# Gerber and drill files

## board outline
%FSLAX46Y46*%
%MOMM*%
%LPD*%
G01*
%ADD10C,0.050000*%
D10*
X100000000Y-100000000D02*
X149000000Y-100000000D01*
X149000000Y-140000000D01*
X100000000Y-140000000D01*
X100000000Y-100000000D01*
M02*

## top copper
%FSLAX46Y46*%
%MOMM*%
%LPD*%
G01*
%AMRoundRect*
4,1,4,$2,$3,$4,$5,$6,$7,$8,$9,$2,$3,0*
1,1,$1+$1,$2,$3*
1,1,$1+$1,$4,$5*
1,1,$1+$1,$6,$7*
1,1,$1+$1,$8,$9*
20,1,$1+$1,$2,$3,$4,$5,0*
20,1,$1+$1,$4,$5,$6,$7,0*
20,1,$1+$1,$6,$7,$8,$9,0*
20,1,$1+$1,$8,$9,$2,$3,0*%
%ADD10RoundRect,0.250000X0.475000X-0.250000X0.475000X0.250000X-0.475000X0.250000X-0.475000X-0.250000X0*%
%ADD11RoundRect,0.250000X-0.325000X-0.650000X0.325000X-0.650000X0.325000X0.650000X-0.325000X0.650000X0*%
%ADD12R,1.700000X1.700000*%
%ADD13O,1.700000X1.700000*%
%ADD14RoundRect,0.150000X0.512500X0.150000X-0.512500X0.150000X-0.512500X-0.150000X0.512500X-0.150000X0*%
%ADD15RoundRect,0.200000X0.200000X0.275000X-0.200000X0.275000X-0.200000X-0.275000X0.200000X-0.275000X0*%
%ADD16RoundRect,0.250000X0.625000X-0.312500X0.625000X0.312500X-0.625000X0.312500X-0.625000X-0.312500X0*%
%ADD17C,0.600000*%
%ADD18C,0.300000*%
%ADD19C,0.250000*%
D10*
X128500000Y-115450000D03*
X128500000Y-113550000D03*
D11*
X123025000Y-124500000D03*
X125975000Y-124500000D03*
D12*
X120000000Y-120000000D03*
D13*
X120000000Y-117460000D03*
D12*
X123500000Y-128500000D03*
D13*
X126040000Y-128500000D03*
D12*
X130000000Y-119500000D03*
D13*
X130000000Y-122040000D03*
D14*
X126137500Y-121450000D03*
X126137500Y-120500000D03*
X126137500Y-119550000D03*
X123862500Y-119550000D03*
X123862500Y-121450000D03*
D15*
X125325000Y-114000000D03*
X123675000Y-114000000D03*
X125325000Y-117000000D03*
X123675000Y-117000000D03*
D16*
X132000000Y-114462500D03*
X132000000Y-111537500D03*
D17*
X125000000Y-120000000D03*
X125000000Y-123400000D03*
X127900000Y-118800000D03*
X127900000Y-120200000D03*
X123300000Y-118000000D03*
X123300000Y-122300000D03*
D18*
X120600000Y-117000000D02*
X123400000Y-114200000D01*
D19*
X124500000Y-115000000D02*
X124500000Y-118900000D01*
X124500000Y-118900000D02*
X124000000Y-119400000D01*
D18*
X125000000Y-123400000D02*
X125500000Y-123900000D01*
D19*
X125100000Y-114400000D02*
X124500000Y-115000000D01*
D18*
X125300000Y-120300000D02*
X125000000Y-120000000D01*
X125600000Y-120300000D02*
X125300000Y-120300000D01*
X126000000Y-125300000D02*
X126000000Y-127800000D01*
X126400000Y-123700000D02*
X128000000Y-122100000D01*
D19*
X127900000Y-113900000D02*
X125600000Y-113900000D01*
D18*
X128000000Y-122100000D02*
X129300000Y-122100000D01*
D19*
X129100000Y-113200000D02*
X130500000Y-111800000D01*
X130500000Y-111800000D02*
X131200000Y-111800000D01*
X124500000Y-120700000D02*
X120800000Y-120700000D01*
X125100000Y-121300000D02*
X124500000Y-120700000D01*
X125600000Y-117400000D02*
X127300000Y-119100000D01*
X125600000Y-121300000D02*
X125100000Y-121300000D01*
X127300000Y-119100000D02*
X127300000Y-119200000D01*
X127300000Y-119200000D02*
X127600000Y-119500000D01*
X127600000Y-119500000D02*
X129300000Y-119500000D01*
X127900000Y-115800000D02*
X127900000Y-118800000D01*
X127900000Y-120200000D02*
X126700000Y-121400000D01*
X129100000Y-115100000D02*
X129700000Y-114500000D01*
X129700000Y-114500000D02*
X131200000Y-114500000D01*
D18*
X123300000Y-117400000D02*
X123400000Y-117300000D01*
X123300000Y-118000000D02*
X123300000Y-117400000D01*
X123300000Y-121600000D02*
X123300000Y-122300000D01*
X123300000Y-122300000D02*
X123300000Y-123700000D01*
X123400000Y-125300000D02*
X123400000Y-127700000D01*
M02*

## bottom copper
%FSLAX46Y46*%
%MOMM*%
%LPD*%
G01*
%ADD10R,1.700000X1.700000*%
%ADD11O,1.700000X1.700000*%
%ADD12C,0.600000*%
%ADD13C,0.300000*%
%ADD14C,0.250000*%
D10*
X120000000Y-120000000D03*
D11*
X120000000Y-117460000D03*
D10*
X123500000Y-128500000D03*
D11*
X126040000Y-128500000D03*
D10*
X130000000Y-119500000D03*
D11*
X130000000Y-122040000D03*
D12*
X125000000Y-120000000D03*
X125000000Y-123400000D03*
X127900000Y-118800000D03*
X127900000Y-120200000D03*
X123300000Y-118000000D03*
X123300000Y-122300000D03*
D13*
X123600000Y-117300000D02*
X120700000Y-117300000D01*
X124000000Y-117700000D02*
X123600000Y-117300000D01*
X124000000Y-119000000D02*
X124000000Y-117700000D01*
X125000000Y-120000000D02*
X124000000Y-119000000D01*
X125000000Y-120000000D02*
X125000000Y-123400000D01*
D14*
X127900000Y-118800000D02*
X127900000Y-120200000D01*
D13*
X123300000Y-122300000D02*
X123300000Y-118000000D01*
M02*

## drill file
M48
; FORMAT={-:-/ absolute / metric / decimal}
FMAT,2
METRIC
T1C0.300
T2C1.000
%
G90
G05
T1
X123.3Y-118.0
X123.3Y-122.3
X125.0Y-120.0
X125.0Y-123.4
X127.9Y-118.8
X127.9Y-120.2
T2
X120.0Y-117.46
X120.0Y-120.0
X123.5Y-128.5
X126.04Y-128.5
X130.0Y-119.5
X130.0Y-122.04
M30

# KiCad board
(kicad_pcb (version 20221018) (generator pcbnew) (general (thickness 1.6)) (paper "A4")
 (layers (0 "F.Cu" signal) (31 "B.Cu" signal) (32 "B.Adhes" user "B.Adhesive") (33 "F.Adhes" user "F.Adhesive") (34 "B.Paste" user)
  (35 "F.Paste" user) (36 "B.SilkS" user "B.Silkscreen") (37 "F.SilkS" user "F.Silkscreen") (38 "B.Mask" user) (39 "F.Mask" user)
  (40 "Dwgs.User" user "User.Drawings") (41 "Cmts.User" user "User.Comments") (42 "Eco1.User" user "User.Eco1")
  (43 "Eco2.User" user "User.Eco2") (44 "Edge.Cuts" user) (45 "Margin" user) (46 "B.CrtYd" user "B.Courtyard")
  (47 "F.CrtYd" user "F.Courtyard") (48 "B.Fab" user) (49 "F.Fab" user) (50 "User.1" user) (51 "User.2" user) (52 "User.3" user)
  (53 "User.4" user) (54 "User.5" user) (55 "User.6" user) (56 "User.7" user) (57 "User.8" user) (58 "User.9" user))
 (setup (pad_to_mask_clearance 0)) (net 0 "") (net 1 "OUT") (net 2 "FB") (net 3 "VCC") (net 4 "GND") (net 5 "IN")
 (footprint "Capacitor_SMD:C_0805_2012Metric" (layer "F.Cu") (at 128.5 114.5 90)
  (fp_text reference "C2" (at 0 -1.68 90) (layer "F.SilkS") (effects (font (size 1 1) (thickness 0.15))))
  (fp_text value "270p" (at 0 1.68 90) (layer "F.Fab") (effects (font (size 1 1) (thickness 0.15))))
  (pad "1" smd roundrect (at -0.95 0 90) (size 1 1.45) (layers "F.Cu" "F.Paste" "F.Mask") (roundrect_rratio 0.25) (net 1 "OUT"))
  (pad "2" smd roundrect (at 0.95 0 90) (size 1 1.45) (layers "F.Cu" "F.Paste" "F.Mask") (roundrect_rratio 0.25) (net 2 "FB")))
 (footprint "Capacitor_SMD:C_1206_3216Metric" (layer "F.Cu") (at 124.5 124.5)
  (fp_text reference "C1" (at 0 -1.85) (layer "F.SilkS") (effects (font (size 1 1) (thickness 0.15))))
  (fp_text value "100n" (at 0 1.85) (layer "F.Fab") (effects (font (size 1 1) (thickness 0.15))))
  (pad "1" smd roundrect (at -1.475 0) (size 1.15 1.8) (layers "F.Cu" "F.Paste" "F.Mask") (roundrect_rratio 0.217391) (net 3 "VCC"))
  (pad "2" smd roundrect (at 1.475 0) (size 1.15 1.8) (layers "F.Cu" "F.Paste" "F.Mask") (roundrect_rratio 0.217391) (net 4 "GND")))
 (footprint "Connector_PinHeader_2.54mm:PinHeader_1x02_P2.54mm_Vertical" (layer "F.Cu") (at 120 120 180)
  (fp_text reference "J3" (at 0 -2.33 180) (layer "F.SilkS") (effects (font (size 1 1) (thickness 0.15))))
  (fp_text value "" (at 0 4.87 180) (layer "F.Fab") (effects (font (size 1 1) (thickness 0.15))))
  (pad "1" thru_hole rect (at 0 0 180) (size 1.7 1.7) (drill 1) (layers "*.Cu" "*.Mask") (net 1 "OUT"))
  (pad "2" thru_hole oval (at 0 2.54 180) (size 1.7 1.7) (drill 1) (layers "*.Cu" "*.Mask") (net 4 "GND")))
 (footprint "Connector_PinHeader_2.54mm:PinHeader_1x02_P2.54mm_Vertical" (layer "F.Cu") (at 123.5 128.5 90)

▸ Assignment:
Starting at the first line of the data above, please restate word for word every line up to and including the one that holds "X123862500Y-119550000D03*", and add nothing else.

▸ Exercise solution:
# Gerber and drill files

## board outline
%FSLAX46Y46*%
%MOMM*%
%LPD*%
G01*
%ADD10C,0.050000*%
D10*
X100000000Y-100000000D02*
X149000000Y-100000000D01*
X149000000Y-140000000D01*
X100000000Y-140000000D01*
X100000000Y-100000000D01*
M02*

## top copper
%FSLAX46Y46*%
%MOMM*%
%LPD*%
G01*
%AMRoundRect*
4,1,4,$2,$3,$4,$5,$6,$7,$8,$9,$2,$3,0*
1,1,$1+$1,$2,$3*
1,1,$1+$1,$4,$5*
1,1,$1+$1,$6,$7*
1,1,$1+$1,$8,$9*
20,1,$1+$1,$2,$3,$4,$5,0*
20,1,$1+$1,$4,$5,$6,$7,0*
20,1,$1+$1,$6,$7,$8,$9,0*
20,1,$1+$1,$8,$9,$2,$3,0*%
%ADD10RoundRect,0.250000X0.475000X-0.250000X0.475000X0.250000X-0.475000X0.250000X-0.475000X-0.250000X0*%
%ADD11RoundRect,0.250000X-0.325000X-0.650000X0.325000X-0.650000X0.325000X0.650000X-0.325000X0.650000X0*%
%ADD12R,1.700000X1.700000*%
%ADD13O,1.700000X1.700000*%
%ADD14RoundRect,0.150000X0.512500X0.150000X-0.512500X0.150000X-0.512500X-0.150000X0.512500X-0.150000X0*%
%ADD15RoundRect,0.200000X0.200000X0.275000X-0.200000X0.275000X-0.200000X-0.275000X0.200000X-0.275000X0*%
%ADD16RoundRect,0.250000X0.625000X-0.312500X0.625000X0.312500X-0.625000X0.312500X-0.625000X-0.312500X0*%
%ADD17C,0.600000*%
%ADD18C,0.300000*%
%ADD19C,0.250000*%
D10*
X128500000Y-115450000D03*
X128500000Y-113550000D03*
D11*
X123025000Y-124500000D03*
X125975000Y-124500000D03*
D12*
X120000000Y-120000000D03*
D13*
X120000000Y-117460000D03*
D12*
X123500000Y-128500000D03*
D13*
X126040000Y-128500000D03*
D12*
X130000000Y-119500000D03*
D13*
X130000000Y-122040000D03*
D14*
X126137500Y-121450000D03*
X126137500Y-120500000D03*
X126137500Y-119550000D03*
X123862500Y-119550000D03*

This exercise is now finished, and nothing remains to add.